El trabajo de los ojos forma parte de un género que se podría llamar autobiografía Petete: el libro gordo te enseña, el libro gordo entretiene. Se usa mucho ahora. Halfon (Buenos Aires, 1980) era bizca de chica, después encontró una oculista que le corrigió la desviación y siempre se interesó por el tema. Igual que la mexicana Verónica Gerber Bicecci, cuya Conjunto vacío es otra autobiografía Petete oftalmológica. Allí se ocupa de la ambliopía, trastorno que consiste en tener un ojo perezoso o que se va para cualquier lado y que el paciente no usa para ver. No sé si Bicecci es ambliope o simplemente habla del tema a partir de terceros. Es que lo leí, lo reseñé y me lo olvidé. Lo recuerdo, eso sí, como un libro más highlife que el de Halfon, como vanguardista y un poco pretencioso. Halfon habla también de la ambliopía (¿será un homenaje oculto a Gerber B.?).
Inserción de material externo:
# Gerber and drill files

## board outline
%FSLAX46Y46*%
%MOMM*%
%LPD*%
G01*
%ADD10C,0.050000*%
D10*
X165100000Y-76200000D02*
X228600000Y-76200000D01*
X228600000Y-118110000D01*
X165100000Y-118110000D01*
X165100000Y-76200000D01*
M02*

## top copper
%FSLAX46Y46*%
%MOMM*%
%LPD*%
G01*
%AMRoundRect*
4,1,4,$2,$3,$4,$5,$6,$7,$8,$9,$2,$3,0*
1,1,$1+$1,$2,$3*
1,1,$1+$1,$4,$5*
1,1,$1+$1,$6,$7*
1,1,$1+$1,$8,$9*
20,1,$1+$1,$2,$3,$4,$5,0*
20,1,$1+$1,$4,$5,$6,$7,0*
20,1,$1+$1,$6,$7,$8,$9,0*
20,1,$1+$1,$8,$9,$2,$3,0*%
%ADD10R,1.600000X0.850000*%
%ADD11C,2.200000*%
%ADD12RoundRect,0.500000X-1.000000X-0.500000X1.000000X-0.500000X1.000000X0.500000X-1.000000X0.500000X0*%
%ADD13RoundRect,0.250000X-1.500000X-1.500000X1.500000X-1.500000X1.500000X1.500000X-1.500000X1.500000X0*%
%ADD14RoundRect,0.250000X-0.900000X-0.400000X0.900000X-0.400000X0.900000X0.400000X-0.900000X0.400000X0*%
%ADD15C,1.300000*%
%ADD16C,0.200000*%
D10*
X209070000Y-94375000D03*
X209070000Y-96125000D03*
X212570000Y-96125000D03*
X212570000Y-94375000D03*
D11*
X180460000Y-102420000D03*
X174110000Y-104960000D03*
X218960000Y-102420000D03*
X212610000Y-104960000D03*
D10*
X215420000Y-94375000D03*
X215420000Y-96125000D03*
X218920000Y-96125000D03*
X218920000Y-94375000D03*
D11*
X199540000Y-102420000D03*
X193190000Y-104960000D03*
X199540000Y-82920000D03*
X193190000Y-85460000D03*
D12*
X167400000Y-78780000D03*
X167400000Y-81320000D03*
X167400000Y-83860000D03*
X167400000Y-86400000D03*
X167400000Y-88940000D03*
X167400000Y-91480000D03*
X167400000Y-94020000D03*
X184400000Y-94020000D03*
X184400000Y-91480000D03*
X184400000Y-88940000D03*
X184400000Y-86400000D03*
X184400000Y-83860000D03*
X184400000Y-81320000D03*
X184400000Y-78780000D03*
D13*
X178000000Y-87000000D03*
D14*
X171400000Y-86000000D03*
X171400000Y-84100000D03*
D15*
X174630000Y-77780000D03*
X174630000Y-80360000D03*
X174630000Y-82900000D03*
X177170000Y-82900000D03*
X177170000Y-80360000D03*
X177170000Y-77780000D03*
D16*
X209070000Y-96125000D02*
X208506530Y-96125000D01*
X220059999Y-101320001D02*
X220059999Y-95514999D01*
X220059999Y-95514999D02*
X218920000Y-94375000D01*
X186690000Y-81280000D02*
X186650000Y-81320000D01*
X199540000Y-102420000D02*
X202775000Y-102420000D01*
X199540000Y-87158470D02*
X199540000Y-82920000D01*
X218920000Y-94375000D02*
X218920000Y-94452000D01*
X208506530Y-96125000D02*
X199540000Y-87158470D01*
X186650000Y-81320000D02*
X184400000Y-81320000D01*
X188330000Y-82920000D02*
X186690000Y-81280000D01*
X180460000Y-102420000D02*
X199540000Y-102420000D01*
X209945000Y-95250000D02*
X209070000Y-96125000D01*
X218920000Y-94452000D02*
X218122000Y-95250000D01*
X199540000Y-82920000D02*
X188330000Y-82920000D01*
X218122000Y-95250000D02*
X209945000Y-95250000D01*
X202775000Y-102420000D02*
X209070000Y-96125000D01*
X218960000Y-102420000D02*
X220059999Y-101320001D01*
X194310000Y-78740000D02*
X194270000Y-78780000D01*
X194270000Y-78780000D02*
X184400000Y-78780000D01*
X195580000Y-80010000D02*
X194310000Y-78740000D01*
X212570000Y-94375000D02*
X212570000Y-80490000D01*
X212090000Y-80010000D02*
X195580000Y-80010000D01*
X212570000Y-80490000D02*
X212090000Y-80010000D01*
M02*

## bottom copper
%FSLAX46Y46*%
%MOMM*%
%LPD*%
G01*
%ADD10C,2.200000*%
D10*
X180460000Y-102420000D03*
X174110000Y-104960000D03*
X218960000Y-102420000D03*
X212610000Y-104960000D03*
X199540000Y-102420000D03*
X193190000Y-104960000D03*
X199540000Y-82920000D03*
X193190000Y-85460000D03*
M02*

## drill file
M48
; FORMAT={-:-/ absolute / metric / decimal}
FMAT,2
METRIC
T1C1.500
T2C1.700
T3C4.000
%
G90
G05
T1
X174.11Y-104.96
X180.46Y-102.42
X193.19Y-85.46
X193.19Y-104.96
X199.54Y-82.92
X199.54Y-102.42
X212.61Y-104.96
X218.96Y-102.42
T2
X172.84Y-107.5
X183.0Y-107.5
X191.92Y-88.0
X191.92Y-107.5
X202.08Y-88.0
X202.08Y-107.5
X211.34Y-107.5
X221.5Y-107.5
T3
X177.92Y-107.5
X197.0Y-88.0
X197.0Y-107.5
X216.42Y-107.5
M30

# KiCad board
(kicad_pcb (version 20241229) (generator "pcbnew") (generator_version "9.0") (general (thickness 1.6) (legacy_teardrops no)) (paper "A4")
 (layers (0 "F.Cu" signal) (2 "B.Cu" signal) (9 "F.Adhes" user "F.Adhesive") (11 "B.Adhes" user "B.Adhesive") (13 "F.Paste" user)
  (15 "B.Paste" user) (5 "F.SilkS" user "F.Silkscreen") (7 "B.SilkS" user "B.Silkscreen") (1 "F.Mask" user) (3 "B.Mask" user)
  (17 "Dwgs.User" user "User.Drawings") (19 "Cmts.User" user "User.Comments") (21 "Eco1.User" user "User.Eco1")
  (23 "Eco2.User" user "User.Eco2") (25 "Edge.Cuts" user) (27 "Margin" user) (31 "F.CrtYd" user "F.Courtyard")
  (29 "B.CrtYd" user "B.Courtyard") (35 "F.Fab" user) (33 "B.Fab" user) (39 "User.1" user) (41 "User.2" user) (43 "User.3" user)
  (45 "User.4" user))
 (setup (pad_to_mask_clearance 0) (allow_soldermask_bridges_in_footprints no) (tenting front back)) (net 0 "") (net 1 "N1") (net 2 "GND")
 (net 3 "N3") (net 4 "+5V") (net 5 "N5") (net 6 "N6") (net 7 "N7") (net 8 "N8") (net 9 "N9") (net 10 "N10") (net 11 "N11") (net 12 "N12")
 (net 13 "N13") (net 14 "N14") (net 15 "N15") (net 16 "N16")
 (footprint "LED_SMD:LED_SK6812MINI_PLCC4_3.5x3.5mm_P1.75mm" (layer "F.Cu") (at 210.82 95.25)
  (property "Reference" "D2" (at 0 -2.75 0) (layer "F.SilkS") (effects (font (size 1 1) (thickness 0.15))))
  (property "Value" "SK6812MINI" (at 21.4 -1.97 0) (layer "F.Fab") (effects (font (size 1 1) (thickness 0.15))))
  (pad "1" smd rect (at -1.75 -0.875) (size 1.6 0.85) (layers "F.Cu" "F.Mask" "F.Paste") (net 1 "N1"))
  (pad "2" smd rect (at -1.75 0.875) (size 1.6 0.85) (layers "F.Cu" "F.Mask" "F.Paste") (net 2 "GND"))
  (pad "3" smd rect (at 1.75 0.875) (size 1.6 0.85) (layers "F.Cu" "F.Mask" "F.Paste") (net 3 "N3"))
  (pad "4" smd rect (at 1.75 -0.875) (size 1.6 0.85) (layers "F.Cu" "F.Mask" "F.Paste") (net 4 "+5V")))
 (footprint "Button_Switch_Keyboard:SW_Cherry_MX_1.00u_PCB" (layer "F.Cu") (at 180.46 102.42)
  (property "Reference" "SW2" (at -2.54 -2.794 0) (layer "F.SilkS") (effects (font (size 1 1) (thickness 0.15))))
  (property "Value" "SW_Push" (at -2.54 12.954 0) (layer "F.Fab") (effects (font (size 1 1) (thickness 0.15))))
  (pad "" np_thru_hole circle (at -7.62 5.08) (size 1.7 1.7) (drill 1.7) (layers "*.Cu" "*.Mask"))
  (pad "" np_thru_hole circle (at -2.54 5.08) (size 4 4) (drill 4) (layers "*.Cu" "*.Mask"))
  (pad "" np_thru_hole circle (at 2.54 5.08) (size 1.7 1.7) (drill 1.7) (layers "*.Cu" "*.Mask"))
  (pad "1" thru_hole circle (at 0 0) (size 2.2 2.2) (drill 1.5) (layers "*.Cu" "*.Mask") (remove_unused_layers no) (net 2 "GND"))
  (pad "2" thru_hole circle (at -6.35 2.54) (size 2.2 2.2) (drill 1.5) (layers "*.Cu" "*.Mask") (remove_unused_layers no) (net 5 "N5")))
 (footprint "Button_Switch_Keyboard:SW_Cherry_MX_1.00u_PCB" (layer "F.Cu") (at 218.96 102.42)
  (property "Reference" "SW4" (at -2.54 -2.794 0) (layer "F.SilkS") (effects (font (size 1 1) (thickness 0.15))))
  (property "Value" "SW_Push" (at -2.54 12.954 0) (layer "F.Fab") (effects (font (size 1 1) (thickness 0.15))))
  (pad "" np_thru_hole circle (at -7.62 5.08) (size 1.7 1.7) (drill 1.7) (layers "*.Cu" "*.Mask"))
  (pad "" np_thru_hole circle (at -2.54 5.08) (size 4 4) (drill 4) (layers "*.Cu" "*.Mask"))
  (pad "" np_thru_hole circle (at 2.54 5.08) (size 1.7 1.7) (drill 1.7) (layers "*.Cu" "*.Mask"))
  (pad "1" thru_hole circle (at 0 0) (size 2.2 2.2) (drill 1.5) (layers "*.Cu" "*.Mask") (remove_unused_layers no) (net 2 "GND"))
  (pad "2" thru_hole circle (at -6.35 2.54) (size 2.2 2.2) (drill 1.5) (layers "*.Cu" "*.Mask") (remove_unused_layers no) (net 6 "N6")))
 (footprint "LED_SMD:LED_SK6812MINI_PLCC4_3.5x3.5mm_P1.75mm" (layer "F.Cu") (at 217.17 95.25)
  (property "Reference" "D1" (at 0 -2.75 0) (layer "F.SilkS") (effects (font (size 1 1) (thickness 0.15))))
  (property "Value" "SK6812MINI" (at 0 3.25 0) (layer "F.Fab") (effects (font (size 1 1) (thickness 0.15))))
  (pad "1" smd rect (at -1.75 -0.875) (size 1.6 0.85) (layers "F.Cu" "F.Mask" "F.Paste") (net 3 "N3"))
  (pad "2" smd rect (at -1.75 0.875) (size 1.6 0.85) (layers "F.Cu" "F.Mask" "F.Paste") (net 4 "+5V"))
  (pad "3" smd rect (at 1.75 0.875) (size 1.6 0.85) (layers "F.Cu" "F.Mask" "F.Paste") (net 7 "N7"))
  (pad "4" smd rect (at 1.75 -0.875) (size 1.6 0.85) (layers "F.Cu" "F.Mask" "F.Paste") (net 2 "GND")))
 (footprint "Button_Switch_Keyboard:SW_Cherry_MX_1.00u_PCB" (layer "F.Cu") (at 199.54 102.42)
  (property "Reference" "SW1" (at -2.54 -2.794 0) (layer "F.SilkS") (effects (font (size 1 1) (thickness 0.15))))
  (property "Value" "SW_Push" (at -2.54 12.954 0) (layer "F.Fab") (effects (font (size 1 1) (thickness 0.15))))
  (pad "" np_thru_hole circle (at -7.62 5.08) (size 1.7 1.7) (drill 1.7) (layers "*.Cu" "*.Mask"))
  (pad "" np_thru_hole circle (at -2.54 5.08) (size 4 4) (drill 4) (layers "*.Cu" "*.Mask"))
  (pad "" np_thru_hole circle (at 2.54 5.08) (size 1.7 1.7) (drill 1.7) (layers "*.Cu" "*.Mask"))
  (pad "1" thru_hole circle (at 0 0) (size 2.2 2.2) (drill 1.5) (layers "*.Cu" "*.Mask") (remove_unused_layers no) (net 2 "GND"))
  (pad "2" thru_hole circle (at -6.35 2.54) (size 2.2 2.2) (drill 1.5) (layers "*.Cu" "*.Mask") (remove_unused_layers no) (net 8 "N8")))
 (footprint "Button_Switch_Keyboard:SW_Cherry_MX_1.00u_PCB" (layer "F.Cu") (at 199.54 82.92)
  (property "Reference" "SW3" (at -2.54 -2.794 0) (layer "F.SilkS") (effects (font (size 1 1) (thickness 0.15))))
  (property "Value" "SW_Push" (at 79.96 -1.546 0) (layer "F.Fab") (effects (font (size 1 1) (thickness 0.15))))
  (pad "" np_thru_hole circle (at -7.62 5.08) (size 1.7 1.7) (drill 1.7) (layers "*.Cu" "*.Mask"))
  (pad "" np_thru_hole circle (at -2.54 5.08) (size 4 4) (drill 4) (layers "*.Cu" "*.Mask"))
  (pad "" np_thru_hole circle (at 2.54 5.08) (size 1.7 1.7) (drill 1.7) (layers "*.Cu" "*.Mask"))
  (pad "1" thru_hole circle (at 0 0) (size 2.2 2.2) (drill 1.5) (layers "*.Cu" "*.Mask") (remove_unused_layers no) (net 2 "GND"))
  (pad "2" thru_hole circle (at -6.35 2.54) (size 2.2 2.2) (drill 1.5) (layers "*.Cu" "*.Mask") (remove_unused_layers no) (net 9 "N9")))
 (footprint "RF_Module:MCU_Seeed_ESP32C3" (layer "F.Cu") (at 175.9 86.4)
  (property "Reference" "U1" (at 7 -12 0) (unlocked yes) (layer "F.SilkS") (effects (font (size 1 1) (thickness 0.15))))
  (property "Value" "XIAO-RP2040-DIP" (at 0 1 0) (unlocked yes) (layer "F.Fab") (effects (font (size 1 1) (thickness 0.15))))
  (pad "" smd roundrect (at 1.1 -0.4) (size 1.5 1.5) (layers "F.Paste") (roundrect_rratio 0.1666666667))
  (pad "" smd roundrect (at 1.1 1.6) (size 1.5 1.5) (layers "F.Paste") (roundrect_rratio 0.1666666667))
  (pad "" smd roundrect (at 3.1 -0.4) (size 1.5 1.5) (layers "F.Paste") (roundrect_rratio 0.1666666667))
  (pad "" smd roundrect (at 3.1 1.6) (size 1.5 1.5) (layers "F.Paste") (roundrect_rratio 0.1666666667))
  (pad "1" smd roundrect (at -8.5 -7.62) (size 3 2) (layers "F.Cu" "F.Mask" "F.Paste") (roundrect_rratio 0.25) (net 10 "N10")
   (thermal_bridge_angle 45))
  (pad "2" smd roundrect (at -8.5 -5.08) (size 3 2) (layers "F.Cu" "F.Mask" "F.Paste") (roundrect_rratio 0.25) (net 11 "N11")
   (thermal_bridge_angle 45))
  (pad "3" smd roundrect (at -8.5 -2.54) (size 3 2) (layers "F.Cu" "F.Mask" "F.Paste") (roundrect_rratio 0.25) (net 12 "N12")
   (thermal_bridge_angle 45))
  (pad "4" smd roundrect (at -8.5 0) (size 3 2) (layers "F.Cu" "F.Mask" "F.Paste") (roundrect_rratio 0.25) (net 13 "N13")
   (thermal_bridge_angle 45))
  (pad "5" smd roundrect (at -8.5 2.54) (size 3 2) (layers "F.Cu" "F.Mask" "F.Paste") (roundrect_rratio 0.25) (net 7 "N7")
   (thermal_bridge_angle 45))
  (pad "6" smd roundrect (at -8.5 5.08) (size 3 2) (layers "F.Cu" "F.Mask" "F.Paste") (roundrect_rratio 0.25) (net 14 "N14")
   (thermal_bridge_angle 45))
  (pad "7" smd roundrect (at -8.5 7.62) (size 3 2) (layers "F.Cu" "F.Mask" "F.Paste") (roundrect_rratio 0.25) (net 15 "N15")
   (thermal_bridge_angle 45))
  (pad "8" smd roundrect (at 8.5 7.62) (size 3 2) (layers "F.Cu" "F.Mask" "F.Paste") (roundrect_rratio 0.25) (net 8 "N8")
   (thermal_bridge_angle 45))
  (pad "9" smd roundrect (at 8.5 5.08) (size 3 2) (layers "F.Cu" "F.Mask" "F.Paste") (roundrect_rratio 0.25) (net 5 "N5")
Halfon es más modesta en sus ambiciones (después de todo, el estrabismo no es tan espectacular como la ambliopía) y no apunta a ser una estrella de las artes como Gerber Bicecci. Es investigadora pero dice que le gustaría tener más tiempo para escribir (¿dice eso o lo inventé?). En 57 capítulos breves cuenta su vida sin entrar en demasiados detalles mientras nos ilustra sobre cuestiones de la vista. Por ejemplo, la biografía de Joeph Plateau, que descubrió la persistencia retiniana y se quedó ciego mirando un eclipse, o la de Braille, que se quedó ciego de muy chico y hoy tiene un monumento en Plaza Francia. Es raro cómo lo cuenta Halfon: “En Buenos Aires, en la plaza que lleva por nombre su país natal, hay un busto de Louis”. ¿Por qué esa perífrasis? Un tercer héroe francés de la oftalmología en el libro: la doctora Horvilleur, la que la cura mediante un paulatino ajuste de las dioptrías en los anteojos.

Mientras nos ilustra en cuestiones científicas e históricas, Halfon cuenta su infancia o su maternidad y se acuerda de la Chilindrina, con la que se identificaba de chica. Y así, entre pequeñas confesiones y datos precisos, el libro se termina y deja una impresión de prolijidad, elegancia y discreción. Es un poco frío, aunque toma un poco de temperatura cuando Halfon se refiere a sus héroes en el mundo de los bizcos: Jean-Paul Sartre y Néstor Kirchner.

Una lectura agradable, a pesar de ese desliz.